子どもの発熱はなぜ起こるの?
子どもの発熱は、多くの保護者が最初に直面する健康上の悩みのひとつです。発熱とは、一般的に体温が37.5℃以上になった状態を指します。発熱そのものは病気ではなく、ウイルスや細菌などの外敵と戦うための体の防御反応です。
発熱の主な原因
- ウイルス感染症:風邪(上気道炎)、インフルエンザ、RSウイルス感染症など
- 細菌感染症:扁桃炎、中耳炎、尿路感染症など
- 突発性発疹:生後6か月〜1歳頃に多く、高熱が3〜4日続いたあと発疹が出る
- 予防接種後の反応:接種後1〜2日以内に一時的に発熱することがある
すぐに救急・病院へ行くべきサイン
以下の症状がある場合は、すぐに医療機関を受診してください。
- 生後3か月未満の赤ちゃんが38℃以上の発熱
- 意識がもうろうとしている、呼びかけに反応しない
- けいれんが起きている(熱性けいれんを含む)
- 呼吸が苦しそう、唇が紫色になっている
- 水分が全くとれず、おしっこが6〜8時間以上出ていない
- 首がかたい、光をひどく嫌がる(髄膜炎の疑い)
自宅でできるケアのポイント
水分補給が最優先
発熱中は汗をかいて脱水になりやすいため、こまめな水分補給が非常に重要です。
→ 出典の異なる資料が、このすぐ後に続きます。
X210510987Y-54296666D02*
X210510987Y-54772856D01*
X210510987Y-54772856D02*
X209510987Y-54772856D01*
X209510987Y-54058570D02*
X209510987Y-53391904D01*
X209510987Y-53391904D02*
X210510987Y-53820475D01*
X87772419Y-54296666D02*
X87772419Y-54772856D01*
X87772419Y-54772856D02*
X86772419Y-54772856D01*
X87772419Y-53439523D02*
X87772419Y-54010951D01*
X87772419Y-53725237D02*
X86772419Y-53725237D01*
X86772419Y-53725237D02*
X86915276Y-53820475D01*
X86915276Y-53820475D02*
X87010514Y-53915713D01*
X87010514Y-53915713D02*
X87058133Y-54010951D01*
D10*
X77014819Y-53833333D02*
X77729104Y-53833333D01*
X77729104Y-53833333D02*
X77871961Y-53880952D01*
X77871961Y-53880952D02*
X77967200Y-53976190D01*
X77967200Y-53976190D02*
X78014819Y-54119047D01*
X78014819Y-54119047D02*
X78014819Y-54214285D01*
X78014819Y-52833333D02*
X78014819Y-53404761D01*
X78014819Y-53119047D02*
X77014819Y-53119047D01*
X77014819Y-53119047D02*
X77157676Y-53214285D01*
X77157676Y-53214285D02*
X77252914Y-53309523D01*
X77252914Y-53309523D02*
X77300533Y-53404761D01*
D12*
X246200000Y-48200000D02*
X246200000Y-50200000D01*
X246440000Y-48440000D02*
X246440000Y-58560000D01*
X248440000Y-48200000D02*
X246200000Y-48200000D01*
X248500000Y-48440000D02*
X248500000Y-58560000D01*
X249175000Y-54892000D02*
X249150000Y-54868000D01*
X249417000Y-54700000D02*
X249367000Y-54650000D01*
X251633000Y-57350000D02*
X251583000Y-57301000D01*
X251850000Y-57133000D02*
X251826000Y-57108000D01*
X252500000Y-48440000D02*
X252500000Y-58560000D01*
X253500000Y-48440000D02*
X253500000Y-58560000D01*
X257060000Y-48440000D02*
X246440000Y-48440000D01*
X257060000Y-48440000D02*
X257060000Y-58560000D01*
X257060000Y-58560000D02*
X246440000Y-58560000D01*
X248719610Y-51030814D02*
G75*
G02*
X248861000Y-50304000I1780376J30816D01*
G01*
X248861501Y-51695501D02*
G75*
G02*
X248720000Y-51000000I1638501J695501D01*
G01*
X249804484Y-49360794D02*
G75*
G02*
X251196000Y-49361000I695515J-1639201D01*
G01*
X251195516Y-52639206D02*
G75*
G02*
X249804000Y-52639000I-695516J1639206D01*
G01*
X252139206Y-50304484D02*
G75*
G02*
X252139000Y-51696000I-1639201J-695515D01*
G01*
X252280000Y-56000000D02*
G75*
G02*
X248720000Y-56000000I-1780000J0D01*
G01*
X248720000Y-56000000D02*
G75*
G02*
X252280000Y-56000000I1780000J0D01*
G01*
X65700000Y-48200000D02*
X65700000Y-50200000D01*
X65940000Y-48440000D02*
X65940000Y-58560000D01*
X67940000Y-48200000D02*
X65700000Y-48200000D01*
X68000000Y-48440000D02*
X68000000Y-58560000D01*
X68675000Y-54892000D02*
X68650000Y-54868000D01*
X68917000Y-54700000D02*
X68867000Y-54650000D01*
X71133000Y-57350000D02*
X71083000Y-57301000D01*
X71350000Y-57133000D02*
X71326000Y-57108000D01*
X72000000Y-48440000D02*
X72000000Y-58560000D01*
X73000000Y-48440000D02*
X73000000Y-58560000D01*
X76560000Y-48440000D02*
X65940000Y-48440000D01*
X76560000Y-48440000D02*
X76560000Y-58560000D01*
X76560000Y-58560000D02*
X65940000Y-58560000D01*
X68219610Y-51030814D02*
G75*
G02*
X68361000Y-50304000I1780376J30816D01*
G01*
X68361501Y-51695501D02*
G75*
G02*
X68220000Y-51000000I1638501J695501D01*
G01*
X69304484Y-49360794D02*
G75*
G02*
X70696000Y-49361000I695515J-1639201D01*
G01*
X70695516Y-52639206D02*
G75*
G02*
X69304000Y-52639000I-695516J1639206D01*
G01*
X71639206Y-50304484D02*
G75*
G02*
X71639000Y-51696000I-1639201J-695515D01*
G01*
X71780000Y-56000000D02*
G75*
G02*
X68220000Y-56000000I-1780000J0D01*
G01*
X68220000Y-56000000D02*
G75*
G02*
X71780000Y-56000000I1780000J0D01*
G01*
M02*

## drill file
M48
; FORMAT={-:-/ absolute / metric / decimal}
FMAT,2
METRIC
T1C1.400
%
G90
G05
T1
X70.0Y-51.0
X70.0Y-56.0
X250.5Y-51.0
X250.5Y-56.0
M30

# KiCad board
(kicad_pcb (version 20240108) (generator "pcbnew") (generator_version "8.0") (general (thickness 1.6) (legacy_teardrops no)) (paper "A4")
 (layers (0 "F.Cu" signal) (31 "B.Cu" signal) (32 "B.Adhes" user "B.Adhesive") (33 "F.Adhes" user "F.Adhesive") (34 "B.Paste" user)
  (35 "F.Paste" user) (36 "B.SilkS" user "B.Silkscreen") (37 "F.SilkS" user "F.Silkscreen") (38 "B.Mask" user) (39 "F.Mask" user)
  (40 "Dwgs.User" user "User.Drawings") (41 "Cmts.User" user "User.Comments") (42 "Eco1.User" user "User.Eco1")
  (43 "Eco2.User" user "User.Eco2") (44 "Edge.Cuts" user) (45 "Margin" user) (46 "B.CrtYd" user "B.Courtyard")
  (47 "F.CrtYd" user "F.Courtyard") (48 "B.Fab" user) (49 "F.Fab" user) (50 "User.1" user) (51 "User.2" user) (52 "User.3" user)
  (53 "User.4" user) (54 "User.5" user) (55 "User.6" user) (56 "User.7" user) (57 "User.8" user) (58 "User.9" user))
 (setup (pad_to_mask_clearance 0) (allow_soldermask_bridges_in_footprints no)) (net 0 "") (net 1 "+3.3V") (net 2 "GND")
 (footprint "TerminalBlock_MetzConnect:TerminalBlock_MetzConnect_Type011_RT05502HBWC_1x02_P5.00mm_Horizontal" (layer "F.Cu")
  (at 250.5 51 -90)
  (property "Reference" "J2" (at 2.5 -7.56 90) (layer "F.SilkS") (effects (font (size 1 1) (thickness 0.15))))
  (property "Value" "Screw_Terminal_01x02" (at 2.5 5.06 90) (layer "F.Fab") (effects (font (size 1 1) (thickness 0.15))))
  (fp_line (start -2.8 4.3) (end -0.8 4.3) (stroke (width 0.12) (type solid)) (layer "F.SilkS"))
母乳・ミルク、経口補水液、麦茶などを少量ずつ頻繁に与えましょう。
衣服と室温の調整
寒気を感じているときは薄手の毛布などで保温し、熱が上がりきって顔が赤くなっていたら、厚着をさせず通気をよくしてあげましょう。室温は18〜22℃程度が目安です。
解熱剤の使い方
子ども用の解熱剤(アセトアミノフェン製剤)は、38.5℃以上で子どもが辛そうなときに使用します。ただし解熱剤は熱を下げる対症療法であり、病気そのものを治すものではありません。使用する場合は必ず医師・薬剤師に相談しましょう。
発熱のときに「してはいけないこと」
- アスピリン(アセチルサリチル酸)を子どもに使わない(ライ症候群のリスク)
- アルコールで体を拭かない
- 無理に食事を食べさせない
- 熱が下がっても、すぐに激しい外出・運動はさせない
まとめ:発熱は「状態を見極めること」が大切
発熱の数値だけでなく、子どもの顔色・機嫌・水分摂取の状況を総合的に見ることが重要です。熱が高くても元気に遊んでいれば様子を見られる場合もありますし、熱が低くても状態が悪ければ受診が必要です。迷ったときは、地域の「小児救急電話相談(#8000)」を活用しましょう。